We provide several pre-configured debug configurations in .vscode/launch.json for different pipeline stages. To use these configurations, replace the data paths with your own data location in the launch.json file.

πŸ“¦ Example Data

Tip: You can interactively view 4D render results, change camera views, time frames, and control signals to see editing effects.

Legacy Version

For results from the original paper (using GSplat 0.7 and old NeRFStudio), see the Old Version Repository.

πŸ”„ Complete Pipeline

Step 1: Capture Monocular 360Β° Video

Extract frames from video:

<data_path> = sample_data
python robogs/vis/video2image.py \
    -v <data_path>/<video_path> \
    -o <data_path>/<image_output_directory> \
    --num_frames <frame_count>

Step 2: Structure from Motion

Run COLMAP on the extracted images to obtain features and camera poses. See the COLMAP documentation for details.

Step 3: GSplat Training

Train the Gaussian Splatting model:

python robogs/vis/gsplat_trainer.py \
    default \
    --data_dir  <data_path> \
    --data_factor 1 \
    --result-dir  <data_path>/gs_result_sfm

or if you want to launch with debugger, please refer to the configuration Python Debugger: gsplat_trainer in .vscode/launch.json.

Step 4: Normal Map Generation

Use the StableNormal to generate normal maps from the extracted images. Save the normal images to the normals folder.
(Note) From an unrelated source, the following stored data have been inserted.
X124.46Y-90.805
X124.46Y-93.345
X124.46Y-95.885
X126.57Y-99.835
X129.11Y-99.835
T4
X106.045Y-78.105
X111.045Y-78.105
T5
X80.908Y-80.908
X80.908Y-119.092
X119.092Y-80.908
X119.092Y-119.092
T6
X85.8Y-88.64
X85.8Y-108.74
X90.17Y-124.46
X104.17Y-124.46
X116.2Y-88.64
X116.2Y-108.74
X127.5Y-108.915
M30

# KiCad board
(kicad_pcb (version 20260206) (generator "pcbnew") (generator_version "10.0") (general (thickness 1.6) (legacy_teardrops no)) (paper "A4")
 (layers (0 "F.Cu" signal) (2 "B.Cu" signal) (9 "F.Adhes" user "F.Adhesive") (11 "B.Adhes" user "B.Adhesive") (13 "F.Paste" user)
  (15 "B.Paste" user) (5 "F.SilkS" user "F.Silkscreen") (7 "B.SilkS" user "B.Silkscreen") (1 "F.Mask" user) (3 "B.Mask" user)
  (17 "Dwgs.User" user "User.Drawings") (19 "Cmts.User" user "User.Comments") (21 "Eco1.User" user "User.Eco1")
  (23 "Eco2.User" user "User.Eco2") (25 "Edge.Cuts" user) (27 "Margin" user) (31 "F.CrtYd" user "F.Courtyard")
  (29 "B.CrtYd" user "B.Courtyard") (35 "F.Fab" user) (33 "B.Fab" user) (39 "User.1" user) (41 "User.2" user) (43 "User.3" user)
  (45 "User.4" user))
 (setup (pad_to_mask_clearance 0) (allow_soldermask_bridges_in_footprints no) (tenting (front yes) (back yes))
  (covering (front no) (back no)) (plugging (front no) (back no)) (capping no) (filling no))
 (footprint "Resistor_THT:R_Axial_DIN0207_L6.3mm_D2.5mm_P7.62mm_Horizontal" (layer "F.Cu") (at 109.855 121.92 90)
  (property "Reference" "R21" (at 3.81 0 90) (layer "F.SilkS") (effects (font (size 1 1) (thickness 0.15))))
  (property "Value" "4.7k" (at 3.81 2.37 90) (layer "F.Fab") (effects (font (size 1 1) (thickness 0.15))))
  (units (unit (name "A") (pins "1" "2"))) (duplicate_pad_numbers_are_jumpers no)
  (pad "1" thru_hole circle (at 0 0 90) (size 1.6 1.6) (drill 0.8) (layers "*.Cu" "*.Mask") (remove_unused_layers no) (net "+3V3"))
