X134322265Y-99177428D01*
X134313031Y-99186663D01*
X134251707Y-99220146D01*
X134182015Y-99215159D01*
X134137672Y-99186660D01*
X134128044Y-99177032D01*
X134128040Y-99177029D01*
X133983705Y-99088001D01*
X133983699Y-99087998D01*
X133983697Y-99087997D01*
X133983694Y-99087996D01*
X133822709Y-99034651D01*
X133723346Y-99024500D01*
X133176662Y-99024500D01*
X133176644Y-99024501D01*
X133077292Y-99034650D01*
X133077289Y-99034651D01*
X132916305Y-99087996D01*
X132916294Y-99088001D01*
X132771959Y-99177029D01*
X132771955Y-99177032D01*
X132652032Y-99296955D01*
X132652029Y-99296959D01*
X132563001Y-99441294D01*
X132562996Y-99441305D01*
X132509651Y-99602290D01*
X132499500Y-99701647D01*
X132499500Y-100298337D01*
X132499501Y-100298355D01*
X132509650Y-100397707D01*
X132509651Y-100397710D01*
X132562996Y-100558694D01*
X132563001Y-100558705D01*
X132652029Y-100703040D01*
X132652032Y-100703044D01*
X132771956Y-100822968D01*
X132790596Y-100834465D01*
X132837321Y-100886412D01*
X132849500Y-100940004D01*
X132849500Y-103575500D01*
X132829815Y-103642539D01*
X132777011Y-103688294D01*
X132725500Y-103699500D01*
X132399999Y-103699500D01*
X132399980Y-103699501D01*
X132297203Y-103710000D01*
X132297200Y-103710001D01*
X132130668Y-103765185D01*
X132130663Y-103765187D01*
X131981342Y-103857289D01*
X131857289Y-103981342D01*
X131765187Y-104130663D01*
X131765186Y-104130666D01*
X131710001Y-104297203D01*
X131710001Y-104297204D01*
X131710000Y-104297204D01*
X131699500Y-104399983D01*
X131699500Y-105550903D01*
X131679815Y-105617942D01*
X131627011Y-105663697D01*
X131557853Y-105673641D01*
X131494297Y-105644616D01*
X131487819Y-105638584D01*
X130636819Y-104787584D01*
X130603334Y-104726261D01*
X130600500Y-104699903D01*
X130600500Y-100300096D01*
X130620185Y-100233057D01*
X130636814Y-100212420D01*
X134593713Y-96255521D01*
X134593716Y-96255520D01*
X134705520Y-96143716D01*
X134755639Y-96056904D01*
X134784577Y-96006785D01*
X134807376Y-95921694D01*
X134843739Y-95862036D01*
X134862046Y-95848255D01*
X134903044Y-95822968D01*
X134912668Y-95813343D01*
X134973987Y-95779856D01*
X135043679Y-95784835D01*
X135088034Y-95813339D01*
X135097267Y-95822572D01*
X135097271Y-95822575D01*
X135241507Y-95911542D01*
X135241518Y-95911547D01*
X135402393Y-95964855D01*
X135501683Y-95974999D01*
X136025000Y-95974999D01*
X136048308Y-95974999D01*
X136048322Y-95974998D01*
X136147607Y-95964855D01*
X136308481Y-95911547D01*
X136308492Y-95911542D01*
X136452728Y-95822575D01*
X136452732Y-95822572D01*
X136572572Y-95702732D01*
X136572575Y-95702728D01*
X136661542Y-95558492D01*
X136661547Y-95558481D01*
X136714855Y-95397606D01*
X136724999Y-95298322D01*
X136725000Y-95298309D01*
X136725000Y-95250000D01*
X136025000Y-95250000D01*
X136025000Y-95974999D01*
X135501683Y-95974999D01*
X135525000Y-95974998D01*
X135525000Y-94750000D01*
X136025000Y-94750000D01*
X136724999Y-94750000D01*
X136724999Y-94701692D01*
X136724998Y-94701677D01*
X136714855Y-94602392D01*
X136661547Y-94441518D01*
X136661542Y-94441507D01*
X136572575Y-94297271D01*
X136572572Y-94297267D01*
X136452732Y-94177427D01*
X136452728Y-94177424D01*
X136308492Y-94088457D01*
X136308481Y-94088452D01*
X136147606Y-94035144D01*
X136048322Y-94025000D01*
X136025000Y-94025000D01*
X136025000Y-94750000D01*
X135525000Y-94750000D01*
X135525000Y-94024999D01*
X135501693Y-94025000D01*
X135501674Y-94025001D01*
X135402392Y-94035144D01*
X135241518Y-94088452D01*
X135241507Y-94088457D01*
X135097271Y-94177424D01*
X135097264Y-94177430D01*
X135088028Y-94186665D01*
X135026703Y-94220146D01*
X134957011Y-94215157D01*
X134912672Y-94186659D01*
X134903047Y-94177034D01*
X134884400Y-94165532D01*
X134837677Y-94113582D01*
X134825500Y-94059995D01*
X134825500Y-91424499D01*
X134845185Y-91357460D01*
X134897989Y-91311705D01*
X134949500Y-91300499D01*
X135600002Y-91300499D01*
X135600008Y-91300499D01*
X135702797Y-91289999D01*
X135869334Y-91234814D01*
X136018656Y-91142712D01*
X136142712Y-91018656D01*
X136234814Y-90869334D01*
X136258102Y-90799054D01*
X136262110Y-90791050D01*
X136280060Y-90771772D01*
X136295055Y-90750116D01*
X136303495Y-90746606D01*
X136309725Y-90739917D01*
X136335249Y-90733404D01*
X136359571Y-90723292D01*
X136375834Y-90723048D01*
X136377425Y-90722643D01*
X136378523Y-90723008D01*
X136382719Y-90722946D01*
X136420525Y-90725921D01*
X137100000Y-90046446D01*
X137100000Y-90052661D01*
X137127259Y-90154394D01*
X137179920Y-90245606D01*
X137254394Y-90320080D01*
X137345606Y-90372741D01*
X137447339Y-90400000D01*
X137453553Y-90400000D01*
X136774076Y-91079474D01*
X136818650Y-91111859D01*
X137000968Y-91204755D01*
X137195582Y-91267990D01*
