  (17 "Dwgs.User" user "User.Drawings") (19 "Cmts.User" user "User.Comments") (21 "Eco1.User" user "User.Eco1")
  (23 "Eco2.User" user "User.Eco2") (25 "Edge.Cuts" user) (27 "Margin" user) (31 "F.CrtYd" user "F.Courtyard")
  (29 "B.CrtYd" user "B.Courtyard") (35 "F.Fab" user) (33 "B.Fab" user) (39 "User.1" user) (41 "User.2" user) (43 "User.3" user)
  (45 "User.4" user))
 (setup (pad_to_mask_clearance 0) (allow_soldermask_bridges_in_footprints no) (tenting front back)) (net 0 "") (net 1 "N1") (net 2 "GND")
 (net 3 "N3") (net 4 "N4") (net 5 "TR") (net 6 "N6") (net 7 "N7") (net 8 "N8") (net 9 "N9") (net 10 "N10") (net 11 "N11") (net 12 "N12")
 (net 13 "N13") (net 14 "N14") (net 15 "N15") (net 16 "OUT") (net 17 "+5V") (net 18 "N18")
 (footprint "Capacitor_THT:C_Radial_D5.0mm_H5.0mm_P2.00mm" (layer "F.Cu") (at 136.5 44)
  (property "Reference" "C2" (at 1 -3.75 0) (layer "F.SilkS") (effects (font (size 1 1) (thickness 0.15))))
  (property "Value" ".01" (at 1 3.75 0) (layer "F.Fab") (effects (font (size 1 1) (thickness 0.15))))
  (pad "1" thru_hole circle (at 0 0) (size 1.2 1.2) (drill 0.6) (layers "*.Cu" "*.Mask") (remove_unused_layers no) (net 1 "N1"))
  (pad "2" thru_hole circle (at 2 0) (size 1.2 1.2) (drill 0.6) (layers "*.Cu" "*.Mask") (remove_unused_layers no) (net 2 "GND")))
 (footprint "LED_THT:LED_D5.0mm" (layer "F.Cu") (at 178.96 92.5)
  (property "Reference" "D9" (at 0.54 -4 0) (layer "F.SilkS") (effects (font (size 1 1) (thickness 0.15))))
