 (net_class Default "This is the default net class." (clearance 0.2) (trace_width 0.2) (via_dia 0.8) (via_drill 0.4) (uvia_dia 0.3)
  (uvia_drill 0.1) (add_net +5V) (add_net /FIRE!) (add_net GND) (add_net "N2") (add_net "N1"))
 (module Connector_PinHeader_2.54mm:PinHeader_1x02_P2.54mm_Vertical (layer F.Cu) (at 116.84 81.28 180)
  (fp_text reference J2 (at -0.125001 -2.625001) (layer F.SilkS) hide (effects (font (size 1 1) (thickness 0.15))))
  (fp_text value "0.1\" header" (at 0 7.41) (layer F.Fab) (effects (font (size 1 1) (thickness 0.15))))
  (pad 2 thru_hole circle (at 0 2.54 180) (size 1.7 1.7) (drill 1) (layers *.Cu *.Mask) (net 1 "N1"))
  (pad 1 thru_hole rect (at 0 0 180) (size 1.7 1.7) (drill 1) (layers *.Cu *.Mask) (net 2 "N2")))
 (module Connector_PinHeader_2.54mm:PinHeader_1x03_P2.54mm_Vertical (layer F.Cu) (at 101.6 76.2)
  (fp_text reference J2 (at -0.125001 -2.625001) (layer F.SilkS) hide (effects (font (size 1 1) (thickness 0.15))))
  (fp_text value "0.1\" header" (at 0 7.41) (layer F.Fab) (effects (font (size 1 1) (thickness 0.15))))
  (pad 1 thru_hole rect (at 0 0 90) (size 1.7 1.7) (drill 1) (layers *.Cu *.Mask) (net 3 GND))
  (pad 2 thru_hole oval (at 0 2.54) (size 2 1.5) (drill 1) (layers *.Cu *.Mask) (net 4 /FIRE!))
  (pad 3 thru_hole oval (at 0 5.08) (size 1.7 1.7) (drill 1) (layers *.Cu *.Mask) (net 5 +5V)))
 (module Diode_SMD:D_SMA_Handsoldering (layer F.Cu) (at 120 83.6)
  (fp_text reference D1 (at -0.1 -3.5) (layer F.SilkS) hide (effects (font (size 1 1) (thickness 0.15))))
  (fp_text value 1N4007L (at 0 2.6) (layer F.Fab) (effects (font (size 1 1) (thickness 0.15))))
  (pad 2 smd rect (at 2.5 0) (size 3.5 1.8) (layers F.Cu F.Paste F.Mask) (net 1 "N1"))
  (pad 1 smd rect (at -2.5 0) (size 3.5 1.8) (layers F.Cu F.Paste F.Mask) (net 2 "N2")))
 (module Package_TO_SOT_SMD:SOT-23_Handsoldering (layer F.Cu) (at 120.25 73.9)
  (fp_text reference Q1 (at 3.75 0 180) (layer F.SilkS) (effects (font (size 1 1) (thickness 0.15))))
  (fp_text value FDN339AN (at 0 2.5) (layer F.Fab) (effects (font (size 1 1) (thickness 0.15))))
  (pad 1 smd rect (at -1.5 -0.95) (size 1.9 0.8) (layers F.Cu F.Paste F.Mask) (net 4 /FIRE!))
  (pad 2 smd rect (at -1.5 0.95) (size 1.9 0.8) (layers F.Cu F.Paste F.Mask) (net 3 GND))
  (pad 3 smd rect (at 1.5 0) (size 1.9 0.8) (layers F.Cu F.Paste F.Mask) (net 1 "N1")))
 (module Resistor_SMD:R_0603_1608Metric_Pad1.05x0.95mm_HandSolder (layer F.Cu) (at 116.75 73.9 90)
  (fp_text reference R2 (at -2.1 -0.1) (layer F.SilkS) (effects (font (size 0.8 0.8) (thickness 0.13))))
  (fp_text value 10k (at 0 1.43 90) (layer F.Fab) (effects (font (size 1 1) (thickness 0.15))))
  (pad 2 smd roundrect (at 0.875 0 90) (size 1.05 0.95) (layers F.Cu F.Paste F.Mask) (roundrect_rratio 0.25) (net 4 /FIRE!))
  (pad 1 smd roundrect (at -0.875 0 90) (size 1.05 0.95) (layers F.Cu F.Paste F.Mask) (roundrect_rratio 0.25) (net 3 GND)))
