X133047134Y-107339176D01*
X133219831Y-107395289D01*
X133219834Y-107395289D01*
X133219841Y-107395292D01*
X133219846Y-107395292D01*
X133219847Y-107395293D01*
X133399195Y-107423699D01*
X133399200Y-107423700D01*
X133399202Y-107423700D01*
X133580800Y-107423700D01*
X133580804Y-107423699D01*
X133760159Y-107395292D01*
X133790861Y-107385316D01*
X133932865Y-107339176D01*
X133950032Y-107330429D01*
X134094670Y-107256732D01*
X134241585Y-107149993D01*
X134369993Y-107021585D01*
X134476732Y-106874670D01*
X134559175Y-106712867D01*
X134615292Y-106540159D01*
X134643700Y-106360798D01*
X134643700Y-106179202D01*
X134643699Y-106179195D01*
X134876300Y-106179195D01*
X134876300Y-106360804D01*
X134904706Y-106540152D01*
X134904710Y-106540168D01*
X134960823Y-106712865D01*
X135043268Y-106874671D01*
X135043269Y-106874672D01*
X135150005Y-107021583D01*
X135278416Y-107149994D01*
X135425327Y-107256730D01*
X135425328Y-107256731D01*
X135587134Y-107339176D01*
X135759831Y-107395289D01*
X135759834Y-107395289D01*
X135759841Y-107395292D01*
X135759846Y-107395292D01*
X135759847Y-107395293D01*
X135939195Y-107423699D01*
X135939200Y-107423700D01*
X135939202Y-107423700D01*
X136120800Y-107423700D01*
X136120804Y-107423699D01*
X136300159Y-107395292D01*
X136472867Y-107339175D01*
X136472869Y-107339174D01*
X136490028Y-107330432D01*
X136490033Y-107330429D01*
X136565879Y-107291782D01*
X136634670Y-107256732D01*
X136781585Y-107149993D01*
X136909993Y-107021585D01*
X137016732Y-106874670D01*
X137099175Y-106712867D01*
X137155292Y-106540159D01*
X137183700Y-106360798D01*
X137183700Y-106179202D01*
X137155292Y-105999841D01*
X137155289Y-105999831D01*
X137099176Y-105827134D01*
Step 5: Gaussian Splat & Mesh Processing

Gaussian Splat Extraction

Extract Gaussian Splat point clouds:

python robogs/vis/extract_ply.py \
    default \
    --ckpt \
    <data_path>/gs_result_sfm/ckpts/ckpt_29999_rank0.pt \
    --data_factor \
    1 \
    --export_ply_path \
    <data_path>/gs_result_sfm/scan30000.ply \
    --data_dir \
    <data_path> 

or if you want to launch with debugger, please refer to the configuration Python Debugger: export ply in .vscode/launch.json.

To view and edit Gaussian Splat, use the SuperSplat Viewer.

To edit the point clouds, refer to the demonstration videos for details. You can see how to select the links here: select links

and how to select fingers here: select fingers

Mesh Extraction

Train and render mesh:

python robogs/meshrecon/train.py \
    -s <data_path> \
    -r 2 \
    --lambda_normal_prior 1 \
    --lambda_dist 10 \
    --iteration 7000 \
    -m <mesh_result_path> \
    --w_normal_prior normals

python robogs/meshrecon/render.py \
    -s <data_path> \
    -m <mesh_result_path>

You can also use the VSCode debugger configurations trainmesh and extractmesh for these steps.

Step 6: Scene Alignment

Align the reconstructed scene. Refer to the demonstration video here for details.

Step 7: Segmentation & Labeling

Segment and label the scene. See the demonstration video here for details. (A SAM-based segmentation tool is coming soon.)

Step 8: ID Assignment

Assign custom IDs:

python robogs/assign.py

Step 9: Kinematics & Dynamics

Fine-tune MDH and physical properties using the Python Debugger: debug configuration in VSCode. See the demo video for more information.

Step 10: Coordinate & Scale Alignment

  • Recenter and reorient the Gaussian Splats and mesh.
  • Keep alignment vectors.
  • Perform automatic ICP-based scale registration.

Step 11: URDF/MJCF Generation

Clean the mesh bottom:

python robogs/mesh_util/fixbot.py \
    -i input_mesh.stl \
    -o output_mesh.stl

Generate URDF/MJCF:

python robogs/mesh_util/generate_mjcf.py \
    -o <output_mjcf_path.xml> \
    -s <path_to_seed.ply> \
    -m <path_to_original_scene.xml> \
    --raw_image <path_to_raw_rgb_image.png> \
    --seg_image <path_to_segmentation_image.png>

Sample MJCF files are stored in the franka_leap and franka_robotiq folders.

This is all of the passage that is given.